Media

Media are any digital objects (such as photographs, sound recordings, or three-dimensional renderings of objects) that can be related to data items in Arctos. Thus, they are essentially anything that can be identified with a Uniform Resource Identifier (URI) and (optionally) related to a primary key in a major table. This arrangement allows us to relate photographs of anatomical features to records, sound recordings to collecting events, text files to agents, and any number of possibilities. A special class of Media paginates multi-page documents (e.g., JPG field notebook scans), allowing book-like browsing.
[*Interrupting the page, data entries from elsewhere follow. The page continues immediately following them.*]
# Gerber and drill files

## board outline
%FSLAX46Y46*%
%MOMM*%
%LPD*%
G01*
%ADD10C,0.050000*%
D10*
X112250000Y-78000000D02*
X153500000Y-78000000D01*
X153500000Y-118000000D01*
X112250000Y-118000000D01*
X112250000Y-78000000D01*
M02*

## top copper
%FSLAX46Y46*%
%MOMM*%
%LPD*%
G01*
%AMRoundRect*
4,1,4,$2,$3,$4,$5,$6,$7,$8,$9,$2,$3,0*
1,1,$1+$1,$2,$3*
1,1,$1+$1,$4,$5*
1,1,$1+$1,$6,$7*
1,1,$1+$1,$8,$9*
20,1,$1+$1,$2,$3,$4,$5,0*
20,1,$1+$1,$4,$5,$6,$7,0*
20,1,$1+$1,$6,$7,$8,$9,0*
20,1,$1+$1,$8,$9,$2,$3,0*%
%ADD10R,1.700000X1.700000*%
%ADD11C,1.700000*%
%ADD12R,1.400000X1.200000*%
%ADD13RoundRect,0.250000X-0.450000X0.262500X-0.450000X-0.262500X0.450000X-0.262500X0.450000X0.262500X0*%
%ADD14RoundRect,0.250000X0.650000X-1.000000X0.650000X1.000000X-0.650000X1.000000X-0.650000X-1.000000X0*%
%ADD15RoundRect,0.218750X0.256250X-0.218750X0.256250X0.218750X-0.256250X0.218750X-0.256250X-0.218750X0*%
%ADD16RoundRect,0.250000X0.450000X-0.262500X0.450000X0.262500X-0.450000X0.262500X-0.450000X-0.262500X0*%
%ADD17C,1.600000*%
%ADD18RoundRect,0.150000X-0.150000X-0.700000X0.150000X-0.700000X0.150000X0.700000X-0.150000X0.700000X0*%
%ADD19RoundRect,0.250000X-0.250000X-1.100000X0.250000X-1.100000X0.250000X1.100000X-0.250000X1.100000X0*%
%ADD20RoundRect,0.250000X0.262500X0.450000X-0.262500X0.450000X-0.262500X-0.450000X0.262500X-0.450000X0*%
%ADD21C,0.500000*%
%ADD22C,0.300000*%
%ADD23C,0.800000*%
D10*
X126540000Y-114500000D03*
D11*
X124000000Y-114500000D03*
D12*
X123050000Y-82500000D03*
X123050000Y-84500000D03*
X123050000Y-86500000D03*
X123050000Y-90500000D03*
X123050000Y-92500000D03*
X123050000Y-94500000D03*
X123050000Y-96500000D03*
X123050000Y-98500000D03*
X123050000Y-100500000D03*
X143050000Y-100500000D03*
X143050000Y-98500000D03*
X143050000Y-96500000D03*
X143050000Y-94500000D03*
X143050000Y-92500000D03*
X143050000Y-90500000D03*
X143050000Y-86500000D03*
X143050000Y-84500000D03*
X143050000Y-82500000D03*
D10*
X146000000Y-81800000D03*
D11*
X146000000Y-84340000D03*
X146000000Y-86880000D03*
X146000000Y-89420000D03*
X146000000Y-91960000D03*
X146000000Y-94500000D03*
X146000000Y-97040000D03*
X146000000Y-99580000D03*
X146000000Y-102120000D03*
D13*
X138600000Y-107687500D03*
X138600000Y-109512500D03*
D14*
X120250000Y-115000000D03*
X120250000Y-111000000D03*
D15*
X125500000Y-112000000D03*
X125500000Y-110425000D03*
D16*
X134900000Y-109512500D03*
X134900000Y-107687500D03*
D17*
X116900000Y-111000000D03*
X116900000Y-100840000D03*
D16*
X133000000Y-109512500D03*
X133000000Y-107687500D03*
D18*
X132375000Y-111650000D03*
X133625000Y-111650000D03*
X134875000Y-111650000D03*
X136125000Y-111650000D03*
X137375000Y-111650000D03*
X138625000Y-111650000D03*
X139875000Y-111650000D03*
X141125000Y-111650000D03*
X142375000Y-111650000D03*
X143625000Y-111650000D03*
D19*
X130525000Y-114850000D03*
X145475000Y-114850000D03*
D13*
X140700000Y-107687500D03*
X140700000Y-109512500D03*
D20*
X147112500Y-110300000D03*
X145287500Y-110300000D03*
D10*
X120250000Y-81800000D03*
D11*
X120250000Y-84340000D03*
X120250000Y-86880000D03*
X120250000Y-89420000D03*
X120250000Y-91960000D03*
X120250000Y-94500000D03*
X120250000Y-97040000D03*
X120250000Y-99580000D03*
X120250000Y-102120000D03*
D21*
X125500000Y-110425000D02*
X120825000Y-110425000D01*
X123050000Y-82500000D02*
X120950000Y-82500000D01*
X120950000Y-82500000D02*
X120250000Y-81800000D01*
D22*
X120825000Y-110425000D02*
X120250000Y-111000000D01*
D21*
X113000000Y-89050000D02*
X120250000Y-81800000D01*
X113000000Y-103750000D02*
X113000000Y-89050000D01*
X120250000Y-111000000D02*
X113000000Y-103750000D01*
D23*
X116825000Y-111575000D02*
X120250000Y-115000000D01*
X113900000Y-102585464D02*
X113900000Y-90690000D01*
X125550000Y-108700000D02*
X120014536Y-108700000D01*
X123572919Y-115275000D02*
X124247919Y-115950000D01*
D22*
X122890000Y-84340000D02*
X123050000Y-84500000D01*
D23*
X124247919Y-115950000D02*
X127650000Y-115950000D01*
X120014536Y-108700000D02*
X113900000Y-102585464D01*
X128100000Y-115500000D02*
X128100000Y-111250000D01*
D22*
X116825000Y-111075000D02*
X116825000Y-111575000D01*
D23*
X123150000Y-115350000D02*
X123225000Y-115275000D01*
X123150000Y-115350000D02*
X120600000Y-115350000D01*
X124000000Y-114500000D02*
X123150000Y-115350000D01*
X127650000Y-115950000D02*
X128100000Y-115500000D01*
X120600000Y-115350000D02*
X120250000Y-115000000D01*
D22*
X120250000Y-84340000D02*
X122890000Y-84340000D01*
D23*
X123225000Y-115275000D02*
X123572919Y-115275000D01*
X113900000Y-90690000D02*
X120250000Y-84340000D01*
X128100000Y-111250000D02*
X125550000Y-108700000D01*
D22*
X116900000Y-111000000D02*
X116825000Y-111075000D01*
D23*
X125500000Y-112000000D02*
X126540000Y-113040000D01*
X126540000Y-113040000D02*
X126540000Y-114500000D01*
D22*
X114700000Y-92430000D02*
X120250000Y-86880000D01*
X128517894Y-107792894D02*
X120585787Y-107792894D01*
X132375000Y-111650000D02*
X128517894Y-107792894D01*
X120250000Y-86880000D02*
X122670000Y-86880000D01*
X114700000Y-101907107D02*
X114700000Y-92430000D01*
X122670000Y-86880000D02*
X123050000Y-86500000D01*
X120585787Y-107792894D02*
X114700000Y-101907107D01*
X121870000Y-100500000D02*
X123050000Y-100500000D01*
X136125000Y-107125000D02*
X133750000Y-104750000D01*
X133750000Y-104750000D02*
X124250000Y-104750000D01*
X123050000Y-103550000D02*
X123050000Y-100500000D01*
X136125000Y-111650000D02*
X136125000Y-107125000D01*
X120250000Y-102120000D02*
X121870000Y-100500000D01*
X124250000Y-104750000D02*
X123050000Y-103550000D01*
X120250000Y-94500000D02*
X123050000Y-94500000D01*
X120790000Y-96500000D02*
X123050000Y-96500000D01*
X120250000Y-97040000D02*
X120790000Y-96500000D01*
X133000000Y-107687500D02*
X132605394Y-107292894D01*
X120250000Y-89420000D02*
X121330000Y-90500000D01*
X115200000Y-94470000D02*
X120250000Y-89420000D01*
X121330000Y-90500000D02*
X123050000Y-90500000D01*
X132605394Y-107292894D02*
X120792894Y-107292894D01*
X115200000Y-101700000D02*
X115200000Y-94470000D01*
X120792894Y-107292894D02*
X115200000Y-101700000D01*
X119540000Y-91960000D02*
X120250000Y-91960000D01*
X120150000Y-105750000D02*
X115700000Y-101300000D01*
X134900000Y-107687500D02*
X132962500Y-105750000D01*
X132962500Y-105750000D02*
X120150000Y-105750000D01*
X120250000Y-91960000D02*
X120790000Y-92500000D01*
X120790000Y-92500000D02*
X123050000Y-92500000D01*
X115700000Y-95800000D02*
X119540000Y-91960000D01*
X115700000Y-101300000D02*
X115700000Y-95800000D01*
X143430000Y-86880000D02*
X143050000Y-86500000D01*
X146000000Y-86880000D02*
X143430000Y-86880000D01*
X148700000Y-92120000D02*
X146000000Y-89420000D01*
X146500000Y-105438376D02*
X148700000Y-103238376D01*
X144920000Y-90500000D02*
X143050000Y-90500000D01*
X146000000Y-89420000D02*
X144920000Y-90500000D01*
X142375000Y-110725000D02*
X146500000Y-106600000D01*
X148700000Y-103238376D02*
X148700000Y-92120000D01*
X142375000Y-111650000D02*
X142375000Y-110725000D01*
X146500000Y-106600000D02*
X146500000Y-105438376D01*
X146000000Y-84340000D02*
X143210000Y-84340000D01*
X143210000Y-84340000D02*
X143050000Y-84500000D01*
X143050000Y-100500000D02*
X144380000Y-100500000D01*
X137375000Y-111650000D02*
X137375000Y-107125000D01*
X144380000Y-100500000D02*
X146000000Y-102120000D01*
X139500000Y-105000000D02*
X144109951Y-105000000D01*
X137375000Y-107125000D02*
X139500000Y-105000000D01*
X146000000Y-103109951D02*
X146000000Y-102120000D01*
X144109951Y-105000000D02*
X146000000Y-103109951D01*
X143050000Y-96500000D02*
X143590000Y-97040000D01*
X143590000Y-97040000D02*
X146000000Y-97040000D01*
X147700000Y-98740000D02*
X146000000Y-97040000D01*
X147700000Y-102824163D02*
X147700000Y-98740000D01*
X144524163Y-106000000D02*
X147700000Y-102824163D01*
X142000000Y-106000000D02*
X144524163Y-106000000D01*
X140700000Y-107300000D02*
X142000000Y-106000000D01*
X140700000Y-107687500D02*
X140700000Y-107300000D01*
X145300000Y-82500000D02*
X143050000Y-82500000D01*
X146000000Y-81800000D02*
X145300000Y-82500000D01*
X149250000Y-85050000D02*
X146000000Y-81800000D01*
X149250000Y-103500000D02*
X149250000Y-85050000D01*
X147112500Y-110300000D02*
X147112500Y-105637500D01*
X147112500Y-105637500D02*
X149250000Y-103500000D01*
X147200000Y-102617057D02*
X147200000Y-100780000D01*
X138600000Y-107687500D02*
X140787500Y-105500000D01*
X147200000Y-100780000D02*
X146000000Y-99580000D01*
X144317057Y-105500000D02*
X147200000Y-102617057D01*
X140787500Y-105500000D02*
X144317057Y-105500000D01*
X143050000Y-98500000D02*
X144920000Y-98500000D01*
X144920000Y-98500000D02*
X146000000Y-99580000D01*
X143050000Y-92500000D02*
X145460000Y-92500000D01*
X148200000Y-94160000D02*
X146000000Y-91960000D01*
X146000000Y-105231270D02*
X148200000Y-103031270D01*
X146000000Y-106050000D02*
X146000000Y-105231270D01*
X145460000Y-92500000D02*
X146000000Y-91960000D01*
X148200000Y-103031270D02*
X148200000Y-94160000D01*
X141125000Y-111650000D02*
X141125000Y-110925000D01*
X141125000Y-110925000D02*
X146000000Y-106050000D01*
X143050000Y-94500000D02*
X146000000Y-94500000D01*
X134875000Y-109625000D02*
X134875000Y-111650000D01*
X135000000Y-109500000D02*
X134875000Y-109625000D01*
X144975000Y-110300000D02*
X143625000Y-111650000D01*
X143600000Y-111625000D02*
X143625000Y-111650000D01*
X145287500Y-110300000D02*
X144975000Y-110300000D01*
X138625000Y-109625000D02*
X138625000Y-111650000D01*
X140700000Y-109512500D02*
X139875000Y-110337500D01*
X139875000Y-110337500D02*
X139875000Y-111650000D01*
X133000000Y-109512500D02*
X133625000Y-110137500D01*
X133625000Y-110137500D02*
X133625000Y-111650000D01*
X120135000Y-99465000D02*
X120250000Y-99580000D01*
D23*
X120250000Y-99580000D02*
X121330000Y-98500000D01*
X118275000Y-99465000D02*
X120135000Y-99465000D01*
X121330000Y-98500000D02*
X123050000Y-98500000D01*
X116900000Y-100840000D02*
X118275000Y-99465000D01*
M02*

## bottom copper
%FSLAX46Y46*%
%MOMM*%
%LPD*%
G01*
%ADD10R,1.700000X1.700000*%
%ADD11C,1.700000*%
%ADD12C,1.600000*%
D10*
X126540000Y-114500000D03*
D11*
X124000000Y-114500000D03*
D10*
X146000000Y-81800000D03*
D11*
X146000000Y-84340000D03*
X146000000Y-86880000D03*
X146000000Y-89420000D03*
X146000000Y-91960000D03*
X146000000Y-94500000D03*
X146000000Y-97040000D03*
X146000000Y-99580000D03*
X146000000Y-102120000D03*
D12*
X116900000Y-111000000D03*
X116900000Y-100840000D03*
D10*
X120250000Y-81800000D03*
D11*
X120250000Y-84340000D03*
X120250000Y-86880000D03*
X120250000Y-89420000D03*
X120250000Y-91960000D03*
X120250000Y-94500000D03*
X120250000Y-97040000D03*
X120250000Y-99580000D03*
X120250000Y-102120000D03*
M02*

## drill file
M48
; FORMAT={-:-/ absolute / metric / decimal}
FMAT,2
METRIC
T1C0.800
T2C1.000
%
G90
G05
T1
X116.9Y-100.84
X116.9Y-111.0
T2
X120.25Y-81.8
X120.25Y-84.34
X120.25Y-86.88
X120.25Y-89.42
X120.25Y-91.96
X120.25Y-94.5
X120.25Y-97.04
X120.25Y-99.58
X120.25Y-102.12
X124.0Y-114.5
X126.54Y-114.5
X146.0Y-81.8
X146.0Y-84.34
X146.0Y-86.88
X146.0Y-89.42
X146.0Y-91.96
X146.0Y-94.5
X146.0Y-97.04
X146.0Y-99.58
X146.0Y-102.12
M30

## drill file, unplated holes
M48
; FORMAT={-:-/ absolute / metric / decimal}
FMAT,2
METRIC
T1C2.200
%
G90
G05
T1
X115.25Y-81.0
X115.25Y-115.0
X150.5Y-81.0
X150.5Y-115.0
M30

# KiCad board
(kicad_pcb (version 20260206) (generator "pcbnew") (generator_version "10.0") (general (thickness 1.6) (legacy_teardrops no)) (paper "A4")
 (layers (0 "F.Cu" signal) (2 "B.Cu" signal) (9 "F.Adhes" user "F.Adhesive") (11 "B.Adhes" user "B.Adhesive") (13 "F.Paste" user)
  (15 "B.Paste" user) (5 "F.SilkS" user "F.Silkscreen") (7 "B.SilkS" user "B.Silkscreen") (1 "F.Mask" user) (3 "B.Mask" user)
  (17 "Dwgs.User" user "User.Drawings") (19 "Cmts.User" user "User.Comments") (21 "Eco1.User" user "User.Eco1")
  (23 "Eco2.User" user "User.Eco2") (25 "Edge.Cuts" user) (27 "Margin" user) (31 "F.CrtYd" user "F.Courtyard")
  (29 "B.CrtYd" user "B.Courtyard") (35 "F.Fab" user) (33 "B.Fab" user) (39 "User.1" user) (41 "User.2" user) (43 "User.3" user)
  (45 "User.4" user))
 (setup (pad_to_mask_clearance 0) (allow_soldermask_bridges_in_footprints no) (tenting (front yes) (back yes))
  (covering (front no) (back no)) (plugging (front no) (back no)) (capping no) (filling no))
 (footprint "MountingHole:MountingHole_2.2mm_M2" (layer "F.Cu") (at 115.25 81)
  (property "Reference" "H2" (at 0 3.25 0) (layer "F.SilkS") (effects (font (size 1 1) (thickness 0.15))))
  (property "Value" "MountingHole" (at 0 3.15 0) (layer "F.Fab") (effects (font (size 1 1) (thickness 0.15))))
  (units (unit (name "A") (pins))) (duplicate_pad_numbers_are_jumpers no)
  (pad "" np_thru_hole circle (at 0 0) (size 2.2 2.2) (drill 2.2) (layers "*.Cu" "*.Mask")))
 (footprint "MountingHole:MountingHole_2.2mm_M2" (layer "F.Cu") (at 115.25 115)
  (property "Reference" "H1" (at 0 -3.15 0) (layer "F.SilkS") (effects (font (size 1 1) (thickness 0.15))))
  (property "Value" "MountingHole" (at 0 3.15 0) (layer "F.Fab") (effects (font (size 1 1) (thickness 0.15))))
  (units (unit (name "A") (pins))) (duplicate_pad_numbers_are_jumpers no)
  (pad "" np_thru_hole circle (at 0 0) (size 2.2 2.2) (drill 2.2) (layers "*.Cu" "*.Mask")))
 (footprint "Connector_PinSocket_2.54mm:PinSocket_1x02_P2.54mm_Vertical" (layer "F.Cu") (at 126.54 114.5 -90)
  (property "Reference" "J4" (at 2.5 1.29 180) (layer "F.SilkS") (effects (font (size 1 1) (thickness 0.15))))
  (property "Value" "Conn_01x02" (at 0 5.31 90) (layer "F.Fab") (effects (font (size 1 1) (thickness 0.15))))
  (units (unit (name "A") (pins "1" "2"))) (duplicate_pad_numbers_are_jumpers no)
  (pad "1" thru_hole rect (at 0 0 270) (size 1.7 1.7) (drill 1) (layers "*.Cu" "*.Mask") (remove_unused_layers no) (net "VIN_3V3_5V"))
  (pad "2" thru_hole circle (at 0 2.54 270) (size 1.7 1.7) (drill 1) (layers "*.Cu" "*.Mask") (remove_unused_layers no) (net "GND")))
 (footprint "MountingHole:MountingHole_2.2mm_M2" (layer "F.Cu") (at 150.5 115)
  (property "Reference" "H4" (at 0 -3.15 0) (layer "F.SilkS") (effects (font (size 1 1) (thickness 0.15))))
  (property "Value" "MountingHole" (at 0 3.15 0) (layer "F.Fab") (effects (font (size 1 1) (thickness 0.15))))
TAGs identify user-selected areas of image media, and further relate these areas to records, places, and people. Media may be created autonomously, as part of a catalog record, or bulkloaded. Additionally, specialized tools have been built to support rapid imaging of herbaria and paleontological collections, including capture of ancillary data in the form of accession and locality cards. Data about media are stored in three tables:

Fields in table Media

media_id

Internal primary key, integer.

MediaID

URI-prefixed media_id serves as a GUID. Example: https://arctos.database.museum/media/10727496

Media_URI

The Uniform Resource Identifier (URI) that finds the media object on the Internet. (A URL is a common type of URI.) See also stability. Media URIs are of very roughly three classes:

NOTE: Files containing characters other than A-Z, a-z, 0-9, and _ are not eligible for scripting. Please sanitize any file names before uploading.

Mime_Type

The Internet media type. Consists of a type and subtype, such as “text/html.” Code-table controlled, as described in Wikipedia.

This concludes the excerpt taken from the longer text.